Learn How to Run an LLM Inference Performance Benchmark on NVIDIA GPUs

Learn to set up and execute comprehensive LLM inference performance benchmarks on NVIDIA GPUs using a complete open-source toolchain in this hands-on tutorial from DevConf.US 2025. Master the entire benchmarking pipeline starting with foundational GPU setup including RPM Fusion configuration, akmod-nvidia driver installation, and hardware validation through nvidia-smi. Configure containerized GPU access by implementing Podman 5.x with NVIDIA Container Toolkit's Container Device Interface for secure rootless operations. Deploy the lightweight vLLM inference engine with locally cached models from Hugging Face, establishing OpenAI-compatible HTTP endpoints for standardized API access.

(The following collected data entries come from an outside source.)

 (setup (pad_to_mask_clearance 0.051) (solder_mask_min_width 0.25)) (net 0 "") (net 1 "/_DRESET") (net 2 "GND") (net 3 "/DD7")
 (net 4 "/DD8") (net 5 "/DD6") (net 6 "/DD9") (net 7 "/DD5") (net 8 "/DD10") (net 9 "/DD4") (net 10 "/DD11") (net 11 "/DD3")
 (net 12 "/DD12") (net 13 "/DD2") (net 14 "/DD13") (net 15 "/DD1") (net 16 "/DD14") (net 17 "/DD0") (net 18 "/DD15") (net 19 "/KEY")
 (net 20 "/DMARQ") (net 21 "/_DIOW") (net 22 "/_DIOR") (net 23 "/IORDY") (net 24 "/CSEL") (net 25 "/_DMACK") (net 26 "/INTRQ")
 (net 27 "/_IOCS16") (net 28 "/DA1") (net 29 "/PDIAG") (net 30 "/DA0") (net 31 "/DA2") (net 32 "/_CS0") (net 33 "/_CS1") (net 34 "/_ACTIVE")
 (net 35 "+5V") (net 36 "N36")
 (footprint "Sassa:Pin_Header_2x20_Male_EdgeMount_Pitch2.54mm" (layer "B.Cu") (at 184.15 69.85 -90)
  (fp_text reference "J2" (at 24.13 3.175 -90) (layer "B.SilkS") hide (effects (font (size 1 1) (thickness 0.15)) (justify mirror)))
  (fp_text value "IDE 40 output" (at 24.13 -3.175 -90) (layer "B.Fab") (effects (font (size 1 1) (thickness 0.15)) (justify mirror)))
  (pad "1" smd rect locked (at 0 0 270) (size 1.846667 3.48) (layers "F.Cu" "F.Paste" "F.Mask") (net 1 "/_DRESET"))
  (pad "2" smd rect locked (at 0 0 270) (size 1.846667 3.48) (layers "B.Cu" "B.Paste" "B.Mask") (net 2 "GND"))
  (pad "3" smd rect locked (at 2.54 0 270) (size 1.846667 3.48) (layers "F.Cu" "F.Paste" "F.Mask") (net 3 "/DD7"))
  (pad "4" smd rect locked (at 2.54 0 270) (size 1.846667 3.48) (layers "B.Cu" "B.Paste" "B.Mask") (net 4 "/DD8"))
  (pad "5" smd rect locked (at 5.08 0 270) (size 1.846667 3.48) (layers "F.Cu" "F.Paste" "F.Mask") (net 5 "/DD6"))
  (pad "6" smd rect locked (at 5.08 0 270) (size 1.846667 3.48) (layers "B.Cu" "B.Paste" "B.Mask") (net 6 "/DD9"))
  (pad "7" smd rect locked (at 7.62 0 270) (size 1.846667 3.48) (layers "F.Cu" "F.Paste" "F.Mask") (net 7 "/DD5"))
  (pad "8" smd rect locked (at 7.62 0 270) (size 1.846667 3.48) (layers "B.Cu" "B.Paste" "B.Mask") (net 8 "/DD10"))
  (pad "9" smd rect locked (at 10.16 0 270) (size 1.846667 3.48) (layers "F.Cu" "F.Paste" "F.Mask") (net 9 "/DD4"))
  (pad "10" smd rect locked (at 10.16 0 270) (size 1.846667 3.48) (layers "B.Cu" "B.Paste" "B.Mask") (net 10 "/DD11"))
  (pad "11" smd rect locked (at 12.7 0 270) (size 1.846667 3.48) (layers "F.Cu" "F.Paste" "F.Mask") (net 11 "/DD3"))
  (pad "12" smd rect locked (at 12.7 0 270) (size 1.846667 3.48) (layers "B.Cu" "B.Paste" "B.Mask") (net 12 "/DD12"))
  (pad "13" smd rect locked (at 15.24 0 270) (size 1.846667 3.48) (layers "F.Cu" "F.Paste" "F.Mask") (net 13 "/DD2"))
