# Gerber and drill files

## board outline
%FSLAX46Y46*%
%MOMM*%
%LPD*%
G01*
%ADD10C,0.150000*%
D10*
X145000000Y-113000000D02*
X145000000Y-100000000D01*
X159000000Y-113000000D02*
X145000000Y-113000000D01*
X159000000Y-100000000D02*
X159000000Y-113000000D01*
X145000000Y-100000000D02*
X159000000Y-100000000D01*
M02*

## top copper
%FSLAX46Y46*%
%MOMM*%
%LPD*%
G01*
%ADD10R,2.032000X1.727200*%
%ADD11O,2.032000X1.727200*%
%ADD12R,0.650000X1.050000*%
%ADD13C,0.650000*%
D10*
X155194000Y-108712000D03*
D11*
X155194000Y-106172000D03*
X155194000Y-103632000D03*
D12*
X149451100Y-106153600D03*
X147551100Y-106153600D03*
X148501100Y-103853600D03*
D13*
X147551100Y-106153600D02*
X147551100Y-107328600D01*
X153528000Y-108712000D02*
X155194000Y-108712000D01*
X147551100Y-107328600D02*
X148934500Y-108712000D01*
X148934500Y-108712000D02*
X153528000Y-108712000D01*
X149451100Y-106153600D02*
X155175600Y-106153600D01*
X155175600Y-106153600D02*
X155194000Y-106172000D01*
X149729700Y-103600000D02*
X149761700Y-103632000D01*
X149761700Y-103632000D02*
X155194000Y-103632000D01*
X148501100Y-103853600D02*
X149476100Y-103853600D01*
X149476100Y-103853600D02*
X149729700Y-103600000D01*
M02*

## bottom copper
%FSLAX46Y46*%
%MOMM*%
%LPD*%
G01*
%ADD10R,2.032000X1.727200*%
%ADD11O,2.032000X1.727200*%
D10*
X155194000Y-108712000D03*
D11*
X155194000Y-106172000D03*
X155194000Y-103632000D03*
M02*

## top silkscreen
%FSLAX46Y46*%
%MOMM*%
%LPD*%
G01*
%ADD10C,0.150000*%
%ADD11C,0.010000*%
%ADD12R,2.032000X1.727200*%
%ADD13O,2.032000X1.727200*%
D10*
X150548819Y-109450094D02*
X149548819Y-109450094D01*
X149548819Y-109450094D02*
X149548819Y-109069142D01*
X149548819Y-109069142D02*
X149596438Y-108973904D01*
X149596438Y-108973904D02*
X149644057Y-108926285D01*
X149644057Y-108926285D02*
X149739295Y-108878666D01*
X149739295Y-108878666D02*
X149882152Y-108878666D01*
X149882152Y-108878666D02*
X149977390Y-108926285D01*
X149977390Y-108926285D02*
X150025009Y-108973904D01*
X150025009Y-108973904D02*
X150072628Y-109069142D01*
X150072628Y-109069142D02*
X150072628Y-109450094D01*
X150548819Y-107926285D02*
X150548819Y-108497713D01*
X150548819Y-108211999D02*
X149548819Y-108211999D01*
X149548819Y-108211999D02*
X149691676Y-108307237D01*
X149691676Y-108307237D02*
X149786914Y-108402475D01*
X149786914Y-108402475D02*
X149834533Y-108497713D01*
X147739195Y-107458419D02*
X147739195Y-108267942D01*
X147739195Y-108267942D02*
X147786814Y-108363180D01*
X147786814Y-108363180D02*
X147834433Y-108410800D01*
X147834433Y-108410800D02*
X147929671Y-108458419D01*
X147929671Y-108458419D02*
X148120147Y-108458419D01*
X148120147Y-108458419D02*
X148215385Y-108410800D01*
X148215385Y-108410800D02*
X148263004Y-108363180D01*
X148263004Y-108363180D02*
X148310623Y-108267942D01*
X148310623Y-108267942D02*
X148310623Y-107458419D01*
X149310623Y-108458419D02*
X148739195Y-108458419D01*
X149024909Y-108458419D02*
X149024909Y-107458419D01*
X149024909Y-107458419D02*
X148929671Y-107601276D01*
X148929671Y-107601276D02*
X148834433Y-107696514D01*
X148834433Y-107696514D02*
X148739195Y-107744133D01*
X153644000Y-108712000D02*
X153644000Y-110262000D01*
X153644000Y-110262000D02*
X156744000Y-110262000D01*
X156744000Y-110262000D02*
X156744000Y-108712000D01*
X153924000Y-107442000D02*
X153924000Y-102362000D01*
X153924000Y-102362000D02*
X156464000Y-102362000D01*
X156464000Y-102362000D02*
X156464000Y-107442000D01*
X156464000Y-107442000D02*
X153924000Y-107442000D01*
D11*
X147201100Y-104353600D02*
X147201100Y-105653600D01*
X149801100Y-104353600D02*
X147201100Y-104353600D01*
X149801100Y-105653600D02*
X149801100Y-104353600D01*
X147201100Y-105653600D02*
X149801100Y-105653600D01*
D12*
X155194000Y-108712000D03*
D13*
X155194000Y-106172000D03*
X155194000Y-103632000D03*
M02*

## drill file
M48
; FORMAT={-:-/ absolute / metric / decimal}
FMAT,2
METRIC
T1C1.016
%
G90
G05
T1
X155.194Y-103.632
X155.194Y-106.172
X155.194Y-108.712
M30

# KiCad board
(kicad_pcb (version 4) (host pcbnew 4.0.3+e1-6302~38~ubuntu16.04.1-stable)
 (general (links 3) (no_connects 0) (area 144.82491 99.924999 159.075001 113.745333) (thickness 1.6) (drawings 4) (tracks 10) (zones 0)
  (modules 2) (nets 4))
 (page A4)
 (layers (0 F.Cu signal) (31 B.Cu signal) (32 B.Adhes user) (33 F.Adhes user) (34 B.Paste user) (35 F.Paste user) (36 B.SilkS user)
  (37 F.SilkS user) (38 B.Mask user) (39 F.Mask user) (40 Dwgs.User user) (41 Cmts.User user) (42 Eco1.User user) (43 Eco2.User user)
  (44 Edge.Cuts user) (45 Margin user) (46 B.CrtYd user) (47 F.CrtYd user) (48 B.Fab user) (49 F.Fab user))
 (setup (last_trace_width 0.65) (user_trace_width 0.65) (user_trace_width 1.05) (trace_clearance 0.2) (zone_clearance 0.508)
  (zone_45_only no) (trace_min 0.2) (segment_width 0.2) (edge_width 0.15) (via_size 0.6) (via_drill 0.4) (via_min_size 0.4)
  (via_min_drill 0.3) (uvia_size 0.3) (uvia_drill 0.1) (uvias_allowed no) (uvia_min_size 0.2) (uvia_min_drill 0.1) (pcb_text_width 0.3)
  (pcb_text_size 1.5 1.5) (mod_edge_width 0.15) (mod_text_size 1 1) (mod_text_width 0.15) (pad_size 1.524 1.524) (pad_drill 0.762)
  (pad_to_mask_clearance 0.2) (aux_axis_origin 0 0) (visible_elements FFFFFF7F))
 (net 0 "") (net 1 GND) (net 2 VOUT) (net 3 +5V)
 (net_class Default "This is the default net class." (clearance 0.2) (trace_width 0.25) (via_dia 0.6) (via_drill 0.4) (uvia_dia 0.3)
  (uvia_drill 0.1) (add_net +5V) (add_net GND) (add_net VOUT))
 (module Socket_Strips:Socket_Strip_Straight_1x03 (layer F.Cu) (at 155.194 108.712 90)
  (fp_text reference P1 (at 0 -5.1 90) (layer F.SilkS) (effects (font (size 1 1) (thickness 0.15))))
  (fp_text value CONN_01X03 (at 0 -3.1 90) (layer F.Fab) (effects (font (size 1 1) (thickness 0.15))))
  (fp_line (start 0 -1.55) (end -1.55 -1.55) (layer F.SilkS) (width 0.15))
  (fp_line (start -1.55 -1.55) (end -1.55 1.55) (layer F.SilkS) (width 0.15))
  (fp_line (start -1.55 1.55) (end 0 1.55) (layer F.SilkS) (width 0.15))
  (fp_line (start 1.27 -1.27) (end 6.35 -1.27) (layer F.SilkS) (width 0.15))
  (fp_line (start 6.35 -1.27) (end 6.35 1.27) (layer F.SilkS) (width 0.15))
  (fp_line (start 6.35 1.27) (end 1.27 1.27) (layer F.SilkS) (width 0.15))
  (fp_line (start 1.27 1.27) (end 1.27 -1.27) (layer F.SilkS) (width 0.15))
  (pad 1 thru_hole rect (at 0 0 90) (size 1.7272 2.032) (drill 1.016) (layers *.Cu *.Mask F.SilkS) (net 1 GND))
  (pad 2 thru_hole oval (at 2.54 0 90) (size 1.7272 2.032) (drill 1.016) (layers *.Cu *.Mask F.SilkS) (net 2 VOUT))
  (pad 3 thru_hole oval (at 5.08 0 90) (size 1.7272 2.032) (drill 1.016) (layers *.Cu *.Mask F.SilkS) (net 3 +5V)))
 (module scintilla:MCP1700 (layer F.Cu) (at 148.5011 105.0036)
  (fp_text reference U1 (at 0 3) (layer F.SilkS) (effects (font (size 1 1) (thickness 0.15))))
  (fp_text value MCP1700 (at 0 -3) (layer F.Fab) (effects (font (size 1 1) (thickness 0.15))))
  (fp_line (start -1.3 -0.65) (end -1.3 0.65) (layer F.SilkS) (width 0.01))
  (fp_line (start 1.3 -0.65) (end -1.3 -0.65) (layer F.SilkS) (width 0.01))
  (fp_line (start 1.3 0.65) (end 1.3 -0.65) (layer F.SilkS) (width 0.01))
  (fp_line (start -1.3 0.65) (end 1.3 0.65) (layer F.SilkS) (width 0.01))
  (pad 2 smd rect (at 0.95 1.15) (size 0.65 1.05) (layers F.Cu F.Paste F.Mask) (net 2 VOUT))
  (pad 1 smd rect (at -0.95 1.15) (size 0.65 1.05) (layers F.Cu F.Paste F.Mask) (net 1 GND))
  (pad 3 smd rect (at 0 -1.15) (size 0.65 1.05) (layers F.Cu F.Paste F.Mask) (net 3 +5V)))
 (gr_line (start 145 113) (end 145 100) (layer Edge.Cuts) (width 0.15))
 (gr_line (start 159 113) (end 145 113) (layer Edge.Cuts) (width 0.15))
 (gr_line (start 159 100) (end 159 113) (layer Edge.Cuts) (width 0.15))
 (gr_line (start 145 100) (end 159 100) (layer Edge.Cuts) (width 0.15))
 (segment (start 147.5511 106.1536) (end 147.5511 107.3286) (width 0.65) (layer F.Cu) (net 1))
 (segment (start 153.528 108.712) (end 155.194 108.712) (width 0.65) (layer F.Cu) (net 1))
 (segment (start 147.5511 107.3286) (end 148.9345 108.712) (width 0.65) (layer F.Cu) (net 1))
 (segment (start 148.9345 108.712) (end 153.528 108.712) (width 0.65) (layer F.Cu) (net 1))
 (segment (start 149.4511 106.1536) (end 155.1756 106.1536) (width 0.65) (layer F.Cu) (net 2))
 (segment (start 155.1756 106.1536) (end 155.194 106.172) (width 0.65) (layer F.Cu) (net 2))
 (segment (start 149.7297 103.6) (end 149.7617 103.632) (width 0.65) (layer F.Cu) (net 3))
 (segment (start 149.7617 103.632) (end 155.194 103.632) (width 0.65) (layer F.Cu) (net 3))
 (segment (start 148.5011 103.8536) (end 149.4761 103.8536) (width 0.65) (layer F.Cu) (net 3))
 (segment (start 149.4761 103.8536) (end 149.7297 103.6) (width 0.65) (layer F.Cu) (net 3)))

Utilize GuideLLM's automated load generation capabilities to systematically sweep request rates, capture detailed latency distributions, measure throughput ceilings, and collect comprehensive token-per-second statistics with structured JSON output for analysis. Gain practical troubleshooting expertise through live demonstrations that highlight common configuration pitfalls and provide actionable checklists applicable across Red Hat-derived distributions. Acquire transferable knowledge for scaling benchmarks to larger language models and multi-GPU configurations while understanding how architectural decisions impact measurement accuracy. Receive ready-to-use scripts, configuration templates, and resource links enabling immediate implementation regardless of prior experience with containers, CUDA programming, or performance benchmarking methodologies.